Task description.
With both ends included, repeat exactly the lines of the entries below from the one containing "X132715000Y-116205000D02*" down to the one containing "(uvias_allowed no) (uvia_min_size", and no others.
- Opening Delimiter -
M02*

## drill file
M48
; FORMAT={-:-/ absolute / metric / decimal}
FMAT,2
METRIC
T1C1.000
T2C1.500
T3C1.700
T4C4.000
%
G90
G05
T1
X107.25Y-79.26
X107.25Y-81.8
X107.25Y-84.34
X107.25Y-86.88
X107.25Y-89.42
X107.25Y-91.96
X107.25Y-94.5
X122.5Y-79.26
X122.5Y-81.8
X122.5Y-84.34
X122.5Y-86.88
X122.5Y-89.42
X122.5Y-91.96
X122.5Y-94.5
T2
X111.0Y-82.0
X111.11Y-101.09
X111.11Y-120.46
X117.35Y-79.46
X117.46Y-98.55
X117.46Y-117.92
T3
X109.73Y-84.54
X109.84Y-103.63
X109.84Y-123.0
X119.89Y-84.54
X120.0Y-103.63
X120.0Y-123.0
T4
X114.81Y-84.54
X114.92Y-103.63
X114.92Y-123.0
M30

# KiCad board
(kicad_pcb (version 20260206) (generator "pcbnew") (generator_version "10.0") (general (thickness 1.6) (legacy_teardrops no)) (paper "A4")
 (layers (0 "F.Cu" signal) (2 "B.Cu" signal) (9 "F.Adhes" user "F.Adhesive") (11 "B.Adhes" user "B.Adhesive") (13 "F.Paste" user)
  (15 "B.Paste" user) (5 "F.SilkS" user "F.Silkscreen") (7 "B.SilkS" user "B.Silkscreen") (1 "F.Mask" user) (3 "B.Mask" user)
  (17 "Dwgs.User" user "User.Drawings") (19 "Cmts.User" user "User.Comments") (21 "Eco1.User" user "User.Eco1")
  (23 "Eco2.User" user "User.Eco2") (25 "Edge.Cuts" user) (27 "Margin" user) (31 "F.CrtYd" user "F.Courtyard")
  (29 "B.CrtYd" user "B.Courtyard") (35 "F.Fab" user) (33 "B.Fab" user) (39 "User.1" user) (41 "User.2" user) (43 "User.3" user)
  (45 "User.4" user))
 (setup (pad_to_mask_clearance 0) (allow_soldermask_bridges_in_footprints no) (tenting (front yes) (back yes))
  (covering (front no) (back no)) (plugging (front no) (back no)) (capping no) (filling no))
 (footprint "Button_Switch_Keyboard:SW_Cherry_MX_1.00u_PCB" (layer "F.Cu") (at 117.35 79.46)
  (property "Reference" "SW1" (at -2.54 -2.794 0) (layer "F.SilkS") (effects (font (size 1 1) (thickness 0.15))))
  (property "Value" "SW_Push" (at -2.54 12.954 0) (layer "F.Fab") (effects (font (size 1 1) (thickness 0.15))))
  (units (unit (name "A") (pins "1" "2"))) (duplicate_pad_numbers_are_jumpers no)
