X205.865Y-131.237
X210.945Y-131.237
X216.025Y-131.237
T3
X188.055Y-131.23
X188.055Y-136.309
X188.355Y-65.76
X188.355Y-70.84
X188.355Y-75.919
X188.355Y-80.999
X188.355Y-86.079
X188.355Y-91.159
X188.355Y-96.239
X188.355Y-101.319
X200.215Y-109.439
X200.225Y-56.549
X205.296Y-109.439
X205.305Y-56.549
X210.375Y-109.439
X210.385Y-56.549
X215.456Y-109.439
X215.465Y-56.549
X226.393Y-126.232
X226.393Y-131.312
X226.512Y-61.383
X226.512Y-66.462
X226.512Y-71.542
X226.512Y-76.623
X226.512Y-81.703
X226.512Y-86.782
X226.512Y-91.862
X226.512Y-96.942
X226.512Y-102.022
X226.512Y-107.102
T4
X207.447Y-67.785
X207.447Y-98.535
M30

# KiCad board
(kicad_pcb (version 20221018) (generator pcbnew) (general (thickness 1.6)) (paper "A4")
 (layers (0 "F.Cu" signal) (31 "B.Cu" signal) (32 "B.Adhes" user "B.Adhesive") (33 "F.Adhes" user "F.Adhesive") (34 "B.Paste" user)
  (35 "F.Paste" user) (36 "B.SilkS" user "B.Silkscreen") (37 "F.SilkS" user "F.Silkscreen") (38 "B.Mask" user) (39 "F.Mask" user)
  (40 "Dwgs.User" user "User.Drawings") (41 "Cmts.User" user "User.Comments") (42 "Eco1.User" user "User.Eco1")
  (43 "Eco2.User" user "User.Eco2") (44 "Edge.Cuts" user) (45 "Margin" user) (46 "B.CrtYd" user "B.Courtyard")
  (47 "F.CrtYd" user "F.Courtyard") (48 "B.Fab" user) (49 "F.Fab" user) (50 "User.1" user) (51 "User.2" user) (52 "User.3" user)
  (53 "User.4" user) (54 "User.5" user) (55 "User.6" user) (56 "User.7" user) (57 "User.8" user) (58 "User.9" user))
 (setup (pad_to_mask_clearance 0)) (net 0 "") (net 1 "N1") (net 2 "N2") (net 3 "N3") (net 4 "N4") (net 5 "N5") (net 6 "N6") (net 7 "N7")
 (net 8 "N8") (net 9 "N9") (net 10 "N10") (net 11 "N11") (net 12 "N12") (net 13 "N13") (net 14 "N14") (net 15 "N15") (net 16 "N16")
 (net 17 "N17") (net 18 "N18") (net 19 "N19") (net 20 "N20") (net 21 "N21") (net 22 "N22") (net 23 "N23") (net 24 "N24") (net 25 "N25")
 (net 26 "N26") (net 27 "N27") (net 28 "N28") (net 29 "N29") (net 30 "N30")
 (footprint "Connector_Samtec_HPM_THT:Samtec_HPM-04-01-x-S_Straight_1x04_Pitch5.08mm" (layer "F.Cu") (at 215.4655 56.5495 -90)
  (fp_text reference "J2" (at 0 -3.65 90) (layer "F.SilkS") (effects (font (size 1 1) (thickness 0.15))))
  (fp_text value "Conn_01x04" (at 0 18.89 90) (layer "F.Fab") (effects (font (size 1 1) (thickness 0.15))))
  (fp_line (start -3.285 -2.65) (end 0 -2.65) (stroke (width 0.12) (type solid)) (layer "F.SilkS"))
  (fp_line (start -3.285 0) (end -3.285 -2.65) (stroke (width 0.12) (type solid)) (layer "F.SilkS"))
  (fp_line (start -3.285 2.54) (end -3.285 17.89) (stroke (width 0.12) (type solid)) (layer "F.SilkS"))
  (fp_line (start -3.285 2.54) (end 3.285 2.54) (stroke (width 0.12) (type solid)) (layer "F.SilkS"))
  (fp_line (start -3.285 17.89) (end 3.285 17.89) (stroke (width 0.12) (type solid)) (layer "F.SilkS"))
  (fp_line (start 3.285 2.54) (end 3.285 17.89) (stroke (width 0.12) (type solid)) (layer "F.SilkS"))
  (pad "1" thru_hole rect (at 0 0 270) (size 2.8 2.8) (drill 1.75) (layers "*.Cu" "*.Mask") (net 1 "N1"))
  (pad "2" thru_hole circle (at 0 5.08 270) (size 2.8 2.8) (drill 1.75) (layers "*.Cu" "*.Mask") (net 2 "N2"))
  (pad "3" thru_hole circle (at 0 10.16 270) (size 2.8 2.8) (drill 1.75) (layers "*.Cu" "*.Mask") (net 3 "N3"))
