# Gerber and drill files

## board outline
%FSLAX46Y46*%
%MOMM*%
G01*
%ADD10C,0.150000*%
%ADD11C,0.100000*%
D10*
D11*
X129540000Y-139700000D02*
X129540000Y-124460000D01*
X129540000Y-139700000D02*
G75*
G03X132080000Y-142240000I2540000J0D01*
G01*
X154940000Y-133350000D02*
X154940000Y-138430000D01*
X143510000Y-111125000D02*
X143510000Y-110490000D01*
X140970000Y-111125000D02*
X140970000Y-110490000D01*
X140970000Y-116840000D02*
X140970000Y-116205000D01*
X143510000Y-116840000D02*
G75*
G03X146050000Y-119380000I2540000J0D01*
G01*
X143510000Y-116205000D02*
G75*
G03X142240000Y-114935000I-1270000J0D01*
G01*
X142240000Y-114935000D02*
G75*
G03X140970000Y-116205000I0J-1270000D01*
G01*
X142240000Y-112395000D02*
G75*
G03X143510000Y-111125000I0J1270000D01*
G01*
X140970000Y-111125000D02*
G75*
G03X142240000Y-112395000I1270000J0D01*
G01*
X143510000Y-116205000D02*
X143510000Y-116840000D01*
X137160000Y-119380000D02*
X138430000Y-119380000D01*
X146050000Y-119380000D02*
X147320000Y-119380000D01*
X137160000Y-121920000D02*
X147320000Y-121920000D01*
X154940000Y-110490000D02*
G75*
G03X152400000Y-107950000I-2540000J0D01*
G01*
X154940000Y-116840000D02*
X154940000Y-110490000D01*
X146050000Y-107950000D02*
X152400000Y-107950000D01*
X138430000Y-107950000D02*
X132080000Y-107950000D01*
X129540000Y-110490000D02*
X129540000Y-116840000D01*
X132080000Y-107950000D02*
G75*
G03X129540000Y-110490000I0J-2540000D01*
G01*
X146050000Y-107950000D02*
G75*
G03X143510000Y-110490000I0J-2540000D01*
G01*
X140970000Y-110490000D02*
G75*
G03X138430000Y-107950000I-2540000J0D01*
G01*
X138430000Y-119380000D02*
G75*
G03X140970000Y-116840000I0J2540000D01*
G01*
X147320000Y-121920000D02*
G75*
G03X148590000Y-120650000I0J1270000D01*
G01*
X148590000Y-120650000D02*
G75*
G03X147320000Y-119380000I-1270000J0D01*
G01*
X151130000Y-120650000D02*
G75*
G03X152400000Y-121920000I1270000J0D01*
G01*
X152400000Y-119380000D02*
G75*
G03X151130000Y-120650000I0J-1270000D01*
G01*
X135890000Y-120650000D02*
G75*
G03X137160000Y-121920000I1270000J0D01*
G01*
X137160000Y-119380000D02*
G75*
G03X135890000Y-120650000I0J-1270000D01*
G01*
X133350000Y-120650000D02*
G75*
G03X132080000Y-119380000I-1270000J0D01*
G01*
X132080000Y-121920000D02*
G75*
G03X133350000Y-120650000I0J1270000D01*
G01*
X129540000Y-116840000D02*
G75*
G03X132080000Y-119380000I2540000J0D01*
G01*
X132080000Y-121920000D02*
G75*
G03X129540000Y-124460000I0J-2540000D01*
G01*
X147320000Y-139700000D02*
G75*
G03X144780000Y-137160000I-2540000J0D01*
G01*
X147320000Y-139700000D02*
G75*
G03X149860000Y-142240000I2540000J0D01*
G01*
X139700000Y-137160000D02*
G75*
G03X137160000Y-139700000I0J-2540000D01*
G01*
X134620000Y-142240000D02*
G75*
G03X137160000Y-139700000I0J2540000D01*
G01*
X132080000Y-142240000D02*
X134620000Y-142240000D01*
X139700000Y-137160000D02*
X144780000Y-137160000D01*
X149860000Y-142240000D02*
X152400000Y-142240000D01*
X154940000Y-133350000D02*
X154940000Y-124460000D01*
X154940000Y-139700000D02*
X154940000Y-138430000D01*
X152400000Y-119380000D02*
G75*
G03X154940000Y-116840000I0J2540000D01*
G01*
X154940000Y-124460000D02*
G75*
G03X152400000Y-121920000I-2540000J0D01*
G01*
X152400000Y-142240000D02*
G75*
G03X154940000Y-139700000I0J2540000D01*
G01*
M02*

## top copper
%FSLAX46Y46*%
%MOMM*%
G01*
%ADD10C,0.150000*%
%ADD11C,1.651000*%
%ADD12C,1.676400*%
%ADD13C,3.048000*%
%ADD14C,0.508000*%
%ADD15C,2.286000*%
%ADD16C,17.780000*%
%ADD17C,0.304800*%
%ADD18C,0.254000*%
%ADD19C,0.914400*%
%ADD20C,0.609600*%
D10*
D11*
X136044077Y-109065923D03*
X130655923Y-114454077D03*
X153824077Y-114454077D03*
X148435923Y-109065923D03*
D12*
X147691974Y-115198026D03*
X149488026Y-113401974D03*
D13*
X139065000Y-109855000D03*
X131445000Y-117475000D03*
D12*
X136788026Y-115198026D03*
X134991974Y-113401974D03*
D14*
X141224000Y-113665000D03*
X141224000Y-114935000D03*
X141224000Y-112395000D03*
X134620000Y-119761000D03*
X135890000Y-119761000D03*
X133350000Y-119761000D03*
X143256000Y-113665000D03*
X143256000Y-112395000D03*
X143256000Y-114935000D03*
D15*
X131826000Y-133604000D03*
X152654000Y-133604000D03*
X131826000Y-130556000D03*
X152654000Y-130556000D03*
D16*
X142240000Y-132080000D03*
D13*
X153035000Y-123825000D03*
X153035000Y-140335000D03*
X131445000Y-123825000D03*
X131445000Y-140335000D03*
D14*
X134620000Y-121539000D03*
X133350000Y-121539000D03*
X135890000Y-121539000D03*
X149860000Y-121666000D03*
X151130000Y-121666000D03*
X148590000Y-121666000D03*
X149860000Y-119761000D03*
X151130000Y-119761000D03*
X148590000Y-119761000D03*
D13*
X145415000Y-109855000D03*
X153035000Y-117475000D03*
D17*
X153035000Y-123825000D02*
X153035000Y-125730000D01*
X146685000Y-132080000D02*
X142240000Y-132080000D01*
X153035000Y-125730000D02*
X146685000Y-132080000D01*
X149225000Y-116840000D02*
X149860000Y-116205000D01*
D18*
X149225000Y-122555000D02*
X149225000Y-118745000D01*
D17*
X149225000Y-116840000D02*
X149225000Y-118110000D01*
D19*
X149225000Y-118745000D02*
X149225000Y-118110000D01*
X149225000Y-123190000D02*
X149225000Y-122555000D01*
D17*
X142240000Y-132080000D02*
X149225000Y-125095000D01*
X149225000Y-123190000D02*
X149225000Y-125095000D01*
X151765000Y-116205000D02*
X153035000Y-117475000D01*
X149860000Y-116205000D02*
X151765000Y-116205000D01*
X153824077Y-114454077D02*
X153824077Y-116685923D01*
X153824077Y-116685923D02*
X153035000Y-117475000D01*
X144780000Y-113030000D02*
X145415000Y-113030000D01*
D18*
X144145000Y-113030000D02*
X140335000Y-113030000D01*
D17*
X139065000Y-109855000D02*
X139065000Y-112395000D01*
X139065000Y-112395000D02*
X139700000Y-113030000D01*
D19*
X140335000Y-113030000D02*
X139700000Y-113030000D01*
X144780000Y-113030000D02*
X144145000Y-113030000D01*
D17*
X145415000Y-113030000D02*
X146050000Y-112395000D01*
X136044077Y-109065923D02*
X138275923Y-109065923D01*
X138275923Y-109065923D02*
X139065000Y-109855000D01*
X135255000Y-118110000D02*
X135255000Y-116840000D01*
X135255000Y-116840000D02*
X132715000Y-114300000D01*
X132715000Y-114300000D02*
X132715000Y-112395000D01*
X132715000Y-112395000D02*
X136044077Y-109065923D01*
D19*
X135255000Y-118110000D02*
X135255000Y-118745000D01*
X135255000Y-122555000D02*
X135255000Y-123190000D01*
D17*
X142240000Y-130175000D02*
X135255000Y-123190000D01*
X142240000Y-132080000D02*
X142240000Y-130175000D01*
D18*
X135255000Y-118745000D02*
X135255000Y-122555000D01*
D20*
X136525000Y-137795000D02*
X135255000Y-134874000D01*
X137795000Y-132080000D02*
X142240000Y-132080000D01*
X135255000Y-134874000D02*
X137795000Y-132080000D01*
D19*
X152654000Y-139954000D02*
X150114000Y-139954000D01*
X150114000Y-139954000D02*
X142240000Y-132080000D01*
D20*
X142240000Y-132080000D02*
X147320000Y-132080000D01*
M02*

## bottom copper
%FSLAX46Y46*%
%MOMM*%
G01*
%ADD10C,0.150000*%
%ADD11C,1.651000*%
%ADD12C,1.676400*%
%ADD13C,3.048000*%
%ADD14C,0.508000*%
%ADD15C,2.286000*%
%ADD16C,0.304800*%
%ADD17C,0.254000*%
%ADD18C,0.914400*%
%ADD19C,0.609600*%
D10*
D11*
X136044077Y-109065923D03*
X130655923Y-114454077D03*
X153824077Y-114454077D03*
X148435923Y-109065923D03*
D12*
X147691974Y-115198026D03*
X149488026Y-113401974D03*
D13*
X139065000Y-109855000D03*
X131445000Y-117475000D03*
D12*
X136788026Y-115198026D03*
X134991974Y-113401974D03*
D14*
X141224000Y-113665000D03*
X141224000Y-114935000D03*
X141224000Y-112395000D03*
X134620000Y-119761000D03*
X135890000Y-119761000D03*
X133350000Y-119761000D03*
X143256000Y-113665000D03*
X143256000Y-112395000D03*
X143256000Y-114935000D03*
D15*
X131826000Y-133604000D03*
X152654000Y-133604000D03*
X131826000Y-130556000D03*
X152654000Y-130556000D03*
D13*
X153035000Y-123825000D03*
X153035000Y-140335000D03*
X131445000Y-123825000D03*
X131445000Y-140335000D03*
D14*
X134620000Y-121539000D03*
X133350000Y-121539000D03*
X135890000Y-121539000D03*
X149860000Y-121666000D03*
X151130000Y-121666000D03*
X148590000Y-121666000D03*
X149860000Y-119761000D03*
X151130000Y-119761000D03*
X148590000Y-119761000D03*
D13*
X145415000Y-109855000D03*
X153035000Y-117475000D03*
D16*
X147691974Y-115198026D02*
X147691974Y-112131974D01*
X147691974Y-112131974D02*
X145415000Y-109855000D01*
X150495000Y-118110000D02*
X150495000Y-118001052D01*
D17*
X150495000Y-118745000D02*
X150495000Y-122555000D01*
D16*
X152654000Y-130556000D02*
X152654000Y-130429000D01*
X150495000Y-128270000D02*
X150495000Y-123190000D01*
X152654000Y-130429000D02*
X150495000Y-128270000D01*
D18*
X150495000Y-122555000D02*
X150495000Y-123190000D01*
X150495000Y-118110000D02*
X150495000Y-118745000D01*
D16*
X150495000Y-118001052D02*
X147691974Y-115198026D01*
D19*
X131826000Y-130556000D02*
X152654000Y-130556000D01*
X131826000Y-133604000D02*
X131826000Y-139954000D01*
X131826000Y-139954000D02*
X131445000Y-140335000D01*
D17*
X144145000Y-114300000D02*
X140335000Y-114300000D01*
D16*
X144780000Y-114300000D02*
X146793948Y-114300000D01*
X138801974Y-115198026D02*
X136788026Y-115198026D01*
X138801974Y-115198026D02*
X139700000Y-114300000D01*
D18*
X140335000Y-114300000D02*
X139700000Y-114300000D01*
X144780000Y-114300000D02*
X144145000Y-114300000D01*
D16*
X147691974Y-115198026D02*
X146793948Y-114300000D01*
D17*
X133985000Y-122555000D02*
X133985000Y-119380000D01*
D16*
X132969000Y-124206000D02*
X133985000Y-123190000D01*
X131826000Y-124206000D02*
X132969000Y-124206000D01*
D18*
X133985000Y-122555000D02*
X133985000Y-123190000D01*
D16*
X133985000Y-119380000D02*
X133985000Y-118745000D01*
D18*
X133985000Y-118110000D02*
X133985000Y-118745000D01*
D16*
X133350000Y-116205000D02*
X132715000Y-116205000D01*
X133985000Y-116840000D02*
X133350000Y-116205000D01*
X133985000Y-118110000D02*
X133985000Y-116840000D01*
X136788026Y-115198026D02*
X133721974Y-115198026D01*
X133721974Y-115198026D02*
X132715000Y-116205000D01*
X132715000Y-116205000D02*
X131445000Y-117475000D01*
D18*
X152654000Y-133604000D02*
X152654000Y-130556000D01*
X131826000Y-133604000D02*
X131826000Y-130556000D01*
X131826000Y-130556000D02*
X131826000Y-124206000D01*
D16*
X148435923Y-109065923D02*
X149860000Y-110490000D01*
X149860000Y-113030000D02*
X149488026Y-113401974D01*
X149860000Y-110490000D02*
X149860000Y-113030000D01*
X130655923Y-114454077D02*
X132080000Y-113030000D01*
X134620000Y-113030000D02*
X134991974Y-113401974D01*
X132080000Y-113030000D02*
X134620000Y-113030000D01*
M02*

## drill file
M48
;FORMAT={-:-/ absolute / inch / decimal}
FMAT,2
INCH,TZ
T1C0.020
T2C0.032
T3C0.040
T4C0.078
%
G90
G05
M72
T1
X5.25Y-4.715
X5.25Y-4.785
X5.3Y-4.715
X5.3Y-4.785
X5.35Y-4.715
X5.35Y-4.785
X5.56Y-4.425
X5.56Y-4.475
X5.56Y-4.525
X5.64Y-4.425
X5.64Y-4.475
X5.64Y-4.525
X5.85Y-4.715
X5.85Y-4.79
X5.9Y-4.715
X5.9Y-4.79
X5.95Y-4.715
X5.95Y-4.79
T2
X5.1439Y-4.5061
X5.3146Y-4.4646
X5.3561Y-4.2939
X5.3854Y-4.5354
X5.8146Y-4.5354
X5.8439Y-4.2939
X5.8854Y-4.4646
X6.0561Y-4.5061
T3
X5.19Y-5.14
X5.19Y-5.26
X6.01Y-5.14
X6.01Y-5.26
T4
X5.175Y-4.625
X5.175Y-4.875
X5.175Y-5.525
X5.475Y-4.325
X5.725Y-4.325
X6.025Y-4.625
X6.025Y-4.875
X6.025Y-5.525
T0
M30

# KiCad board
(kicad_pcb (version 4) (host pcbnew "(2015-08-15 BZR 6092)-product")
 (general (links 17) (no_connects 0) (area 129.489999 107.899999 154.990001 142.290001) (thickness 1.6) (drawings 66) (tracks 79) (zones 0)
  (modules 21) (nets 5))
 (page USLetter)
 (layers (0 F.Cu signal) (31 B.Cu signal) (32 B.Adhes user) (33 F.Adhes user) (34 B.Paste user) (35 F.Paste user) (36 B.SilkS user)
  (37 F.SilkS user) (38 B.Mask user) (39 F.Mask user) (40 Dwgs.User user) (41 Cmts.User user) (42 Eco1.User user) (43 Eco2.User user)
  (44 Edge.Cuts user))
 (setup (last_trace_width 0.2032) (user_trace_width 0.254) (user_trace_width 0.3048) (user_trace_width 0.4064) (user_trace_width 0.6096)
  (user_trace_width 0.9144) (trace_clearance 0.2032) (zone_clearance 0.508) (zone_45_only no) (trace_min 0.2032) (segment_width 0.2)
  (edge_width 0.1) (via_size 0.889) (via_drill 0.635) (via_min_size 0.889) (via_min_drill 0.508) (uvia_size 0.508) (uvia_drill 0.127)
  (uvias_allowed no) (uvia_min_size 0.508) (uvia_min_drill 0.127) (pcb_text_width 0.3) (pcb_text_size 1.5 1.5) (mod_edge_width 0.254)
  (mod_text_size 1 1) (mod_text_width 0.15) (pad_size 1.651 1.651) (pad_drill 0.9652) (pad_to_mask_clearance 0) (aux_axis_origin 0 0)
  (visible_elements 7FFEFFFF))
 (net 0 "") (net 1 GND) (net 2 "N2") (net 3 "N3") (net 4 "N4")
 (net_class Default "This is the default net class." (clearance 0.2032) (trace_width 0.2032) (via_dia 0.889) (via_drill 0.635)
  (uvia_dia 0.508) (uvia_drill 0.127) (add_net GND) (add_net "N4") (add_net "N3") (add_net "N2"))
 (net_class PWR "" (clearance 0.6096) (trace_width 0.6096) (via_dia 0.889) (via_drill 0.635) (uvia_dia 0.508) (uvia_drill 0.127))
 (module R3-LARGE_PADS (layer F.Cu) (at 133.35 111.76 225) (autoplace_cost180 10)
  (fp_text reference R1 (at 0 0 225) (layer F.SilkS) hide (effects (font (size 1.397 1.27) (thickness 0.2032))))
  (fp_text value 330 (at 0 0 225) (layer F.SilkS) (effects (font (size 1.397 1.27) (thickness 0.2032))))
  (pad 1 thru_hole circle (at -3.81 0 225) (size 1.651 1.651) (drill 0.8128) (layers *.Cu *.Mask F.SilkS) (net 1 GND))
  (pad 2 thru_hole circle (at 3.81 0 225) (size 1.651 1.651) (drill 0.8128) (layers *.Cu *.Mask F.SilkS) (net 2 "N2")))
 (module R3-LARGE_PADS (layer F.Cu) (at 151.13 111.76 135) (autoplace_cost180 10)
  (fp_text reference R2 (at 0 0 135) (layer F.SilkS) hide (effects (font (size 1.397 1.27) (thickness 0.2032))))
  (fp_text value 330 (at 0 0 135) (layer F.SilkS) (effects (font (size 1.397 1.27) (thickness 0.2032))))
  (pad 1 thru_hole circle (at -3.81 0 135) (size 1.651 1.651) (drill 0.8128) (layers *.Cu *.Mask F.SilkS) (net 1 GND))
  (pad 2 thru_hole circle (at 3.81 0 135) (size 1.651 1.651) (drill 0.8128) (layers *.Cu *.Mask F.SilkS) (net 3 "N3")))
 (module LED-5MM (layer F.Cu) (at 148.59 114.3 45)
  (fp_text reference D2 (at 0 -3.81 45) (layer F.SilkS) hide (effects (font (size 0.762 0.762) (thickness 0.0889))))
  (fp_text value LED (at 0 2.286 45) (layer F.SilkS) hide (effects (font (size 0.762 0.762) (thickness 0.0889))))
- Closing Delimiter -
Answer area.
X132715000Y-116205000D02*
X131445000Y-117475000D01*
D18*
X152654000Y-133604000D02*
X152654000Y-130556000D01*
X131826000Y-133604000D02*
X131826000Y-130556000D01*
X131826000Y-130556000D02*
X131826000Y-124206000D01*
D16*
X148435923Y-109065923D02*
X149860000Y-110490000D01*
X149860000Y-113030000D02*
X149488026Y-113401974D01*
X149860000Y-110490000D02*
X149860000Y-113030000D01*
X130655923Y-114454077D02*
X132080000Y-113030000D01*
X134620000Y-113030000D02*
X134991974Y-113401974D01*
X132080000Y-113030000D02*
X134620000Y-113030000D01*
M02*

## drill file
M48
;FORMAT={-:-/ absolute / inch / decimal}
FMAT,2
INCH,TZ
T1C0.020
T2C0.032
T3C0.040
T4C0.078
%
G90
G05
M72
T1
X5.25Y-4.715
X5.25Y-4.785
X5.3Y-4.715
X5.3Y-4.785
X5.35Y-4.715
X5.35Y-4.785
X5.56Y-4.425
X5.56Y-4.475
X5.56Y-4.525
X5.64Y-4.425
X5.64Y-4.475
X5.64Y-4.525
X5.85Y-4.715
X5.85Y-4.79
X5.9Y-4.715
X5.9Y-4.79
X5.95Y-4.715
X5.95Y-4.79
T2
X5.1439Y-4.5061
X5.3146Y-4.4646
X5.3561Y-4.2939
X5.3854Y-4.5354
X5.8146Y-4.5354
X5.8439Y-4.2939
X5.8854Y-4.4646
X6.0561Y-4.5061
T3
X5.19Y-5.14
X5.19Y-5.26
X6.01Y-5.14
X6.01Y-5.26
T4
X5.175Y-4.625
X5.175Y-4.875
X5.175Y-5.525
X5.475Y-4.325
X5.725Y-4.325
X6.025Y-4.625
X6.025Y-4.875
X6.025Y-5.525
T0
M30

# KiCad board
(kicad_pcb (version 4) (host pcbnew "(2015-08-15 BZR 6092)-product")
 (general (links 17) (no_connects 0) (area 129.489999 107.899999 154.990001 142.290001) (thickness 1.6) (drawings 66) (tracks 79) (zones 0)
  (modules 21) (nets 5))
 (page USLetter)
 (layers (0 F.Cu signal) (31 B.Cu signal) (32 B.Adhes user) (33 F.Adhes user) (34 B.Paste user) (35 F.Paste user) (36 B.SilkS user)
  (37 F.SilkS user) (38 B.Mask user) (39 F.Mask user) (40 Dwgs.User user) (41 Cmts.User user) (42 Eco1.User user) (43 Eco2.User user)
  (44 Edge.Cuts user))
 (setup (last_trace_width 0.2032) (user_trace_width 0.254) (user_trace_width 0.3048) (user_trace_width 0.4064) (user_trace_width 0.6096)
  (user_trace_width 0.9144) (trace_clearance 0.2032) (zone_clearance 0.508) (zone_45_only no) (trace_min 0.2032) (segment_width 0.2)
  (edge_width 0.1) (via_size 0.889) (via_drill 0.635) (via_min_size 0.889) (via_min_drill 0.508) (uvia_size 0.508) (uvia_drill 0.127)
  (uvias_allowed no) (uvia_min_size 0.508) (uvia_min_drill 0.127) (pcb_text_width 0.3) (pcb_text_size 1.5 1.5) (mod_edge_width 0.254)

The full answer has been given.